What to work on — Copy out the records so that each line matches the original.

########

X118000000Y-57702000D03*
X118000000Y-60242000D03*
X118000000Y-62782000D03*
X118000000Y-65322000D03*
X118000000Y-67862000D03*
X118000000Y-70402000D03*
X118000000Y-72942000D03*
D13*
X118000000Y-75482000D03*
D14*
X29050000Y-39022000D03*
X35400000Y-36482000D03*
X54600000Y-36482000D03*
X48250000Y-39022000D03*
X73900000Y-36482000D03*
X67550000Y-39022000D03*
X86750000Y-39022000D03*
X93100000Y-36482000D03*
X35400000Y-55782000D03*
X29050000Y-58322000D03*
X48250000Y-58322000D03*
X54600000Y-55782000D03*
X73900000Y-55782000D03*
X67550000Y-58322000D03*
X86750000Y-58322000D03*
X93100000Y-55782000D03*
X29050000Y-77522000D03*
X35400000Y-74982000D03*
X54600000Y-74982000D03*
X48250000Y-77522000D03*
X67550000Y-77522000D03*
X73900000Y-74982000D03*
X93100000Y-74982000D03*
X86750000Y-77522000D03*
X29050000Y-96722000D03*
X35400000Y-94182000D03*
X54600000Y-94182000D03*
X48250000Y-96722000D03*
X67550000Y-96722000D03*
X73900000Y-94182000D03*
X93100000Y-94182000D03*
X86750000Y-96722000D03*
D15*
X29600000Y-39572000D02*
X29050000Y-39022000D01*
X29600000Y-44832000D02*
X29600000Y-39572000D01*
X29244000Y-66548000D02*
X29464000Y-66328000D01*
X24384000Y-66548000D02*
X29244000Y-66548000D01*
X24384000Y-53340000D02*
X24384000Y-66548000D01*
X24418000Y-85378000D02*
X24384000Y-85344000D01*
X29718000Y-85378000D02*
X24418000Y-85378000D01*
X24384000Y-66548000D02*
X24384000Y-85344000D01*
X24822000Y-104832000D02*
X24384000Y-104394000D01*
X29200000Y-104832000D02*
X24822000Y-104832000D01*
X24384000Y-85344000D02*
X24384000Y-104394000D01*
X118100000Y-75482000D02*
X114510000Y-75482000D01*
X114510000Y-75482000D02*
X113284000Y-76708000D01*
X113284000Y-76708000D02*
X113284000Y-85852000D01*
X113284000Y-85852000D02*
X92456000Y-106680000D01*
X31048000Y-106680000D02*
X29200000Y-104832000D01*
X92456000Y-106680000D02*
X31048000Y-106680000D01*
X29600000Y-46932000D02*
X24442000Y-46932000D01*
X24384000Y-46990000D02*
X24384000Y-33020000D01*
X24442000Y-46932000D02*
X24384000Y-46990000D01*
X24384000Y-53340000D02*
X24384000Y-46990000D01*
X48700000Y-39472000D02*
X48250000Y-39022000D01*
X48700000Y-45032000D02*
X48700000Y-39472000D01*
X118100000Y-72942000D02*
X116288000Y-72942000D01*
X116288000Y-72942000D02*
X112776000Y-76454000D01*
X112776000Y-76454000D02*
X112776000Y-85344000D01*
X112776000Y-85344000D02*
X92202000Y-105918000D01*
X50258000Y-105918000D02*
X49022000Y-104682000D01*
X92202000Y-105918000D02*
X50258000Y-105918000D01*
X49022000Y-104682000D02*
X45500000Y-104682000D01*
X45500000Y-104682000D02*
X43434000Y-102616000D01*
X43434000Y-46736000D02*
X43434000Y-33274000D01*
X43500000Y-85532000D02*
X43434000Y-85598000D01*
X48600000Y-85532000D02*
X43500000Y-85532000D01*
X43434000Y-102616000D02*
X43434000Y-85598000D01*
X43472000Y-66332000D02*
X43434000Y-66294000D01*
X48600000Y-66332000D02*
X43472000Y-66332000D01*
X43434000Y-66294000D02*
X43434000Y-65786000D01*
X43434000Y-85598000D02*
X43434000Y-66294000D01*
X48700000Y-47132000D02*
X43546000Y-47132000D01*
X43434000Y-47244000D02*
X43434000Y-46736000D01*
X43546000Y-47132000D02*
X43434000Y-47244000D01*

########

Task solution —
X118000000Y-57702000D03*
X118000000Y-60242000D03*
X118000000Y-62782000D03*
X118000000Y-65322000D03*
X118000000Y-67862000D03*
X118000000Y-70402000D03*
X118000000Y-72942000D03*
D13*
X118000000Y-75482000D03*
D14*
X29050000Y-39022000D03*
X35400000Y-36482000D03*
X54600000Y-36482000D03*
X48250000Y-39022000D03*
X73900000Y-36482000D03*
X67550000Y-39022000D03*
X86750000Y-39022000D03*
X93100000Y-36482000D03*
X35400000Y-55782000D03*
X29050000Y-58322000D03*
X48250000Y-58322000D03*
X54600000Y-55782000D03*
X73900000Y-55782000D03*
X67550000Y-58322000D03*
X86750000Y-58322000D03*
X93100000Y-55782000D03*
X29050000Y-77522000D03*
X35400000Y-74982000D03*
X54600000Y-74982000D03*
X48250000Y-77522000D03*
X67550000Y-77522000D03*
X73900000Y-74982000D03*
X93100000Y-74982000D03*
X86750000Y-77522000D03*
X29050000Y-96722000D03*
X35400000Y-94182000D03*
X54600000Y-94182000D03*
X48250000Y-96722000D03*
X67550000Y-96722000D03*
X73900000Y-94182000D03*
X93100000Y-94182000D03*
X86750000Y-96722000D03*
D15*
X29600000Y-39572000D02*
X29050000Y-39022000D01*
X29600000Y-44832000D02*
X29600000Y-39572000D01*
X29244000Y-66548000D02*
X29464000Y-66328000D01*
X24384000Y-66548000D02*
X29244000Y-66548000D01*
X24384000Y-53340000D02*
X24384000Y-66548000D01*
X24418000Y-85378000D02*
X24384000Y-85344000D01*
X29718000Y-85378000D02*
X24418000Y-85378000D01*
X24384000Y-66548000D02*
X24384000Y-85344000D01*
X24822000Y-104832000D02*
X24384000Y-104394000D01*
X29200000Y-104832000D02*
X24822000Y-104832000D01*
X24384000Y-85344000D02*
X24384000Y-104394000D01*
X118100000Y-75482000D02*
X114510000Y-75482000D01*
X114510000Y-75482000D02*
X113284000Y-76708000D01*
X113284000Y-76708000D02*
X113284000Y-85852000D01*
X113284000Y-85852000D02*
X92456000Y-106680000D01*
X31048000Y-106680000D02*
X29200000Y-104832000D01*
X92456000Y-106680000D02*
X31048000Y-106680000D01*
X29600000Y-46932000D02*
X24442000Y-46932000D01*
X24384000Y-46990000D02*
X24384000Y-33020000D01*
X24442000Y-46932000D02*
X24384000Y-46990000D01*
X24384000Y-53340000D02*
X24384000Y-46990000D01*
X48700000Y-39472000D02*
X48250000Y-39022000D01*
X48700000Y-45032000D02*
X48700000Y-39472000D01*
X118100000Y-72942000D02*
X116288000Y-72942000D01*
X116288000Y-72942000D02*
X112776000Y-76454000D01*
X112776000Y-76454000D02*
X112776000Y-85344000D01*
X112776000Y-85344000D02*
X92202000Y-105918000D01*
X50258000Y-105918000D02*
X49022000Y-104682000D01*
X92202000Y-105918000D02*
X50258000Y-105918000D01*
X49022000Y-104682000D02*
X45500000Y-104682000D01*
X45500000Y-104682000D02*
X43434000Y-102616000D01*
X43434000Y-46736000D02*
X43434000Y-33274000D01*
X43500000Y-85532000D02*
X43434000Y-85598000D01*
X48600000Y-85532000D02*
X43500000Y-85532000D01*
X43434000Y-102616000D02*
X43434000Y-85598000D01*
X43472000Y-66332000D02*
X43434000Y-66294000D01*
X48600000Y-66332000D02*
X43472000Y-66332000D01*
X43434000Y-66294000D02*
X43434000Y-65786000D01*
X43434000Y-85598000D02*
X43434000Y-66294000D01*
X48700000Y-47132000D02*
X43546000Y-47132000D01*
X43434000Y-47244000D02*
X43434000Y-46736000D01*
X43546000Y-47132000D02*
X43434000Y-47244000D01*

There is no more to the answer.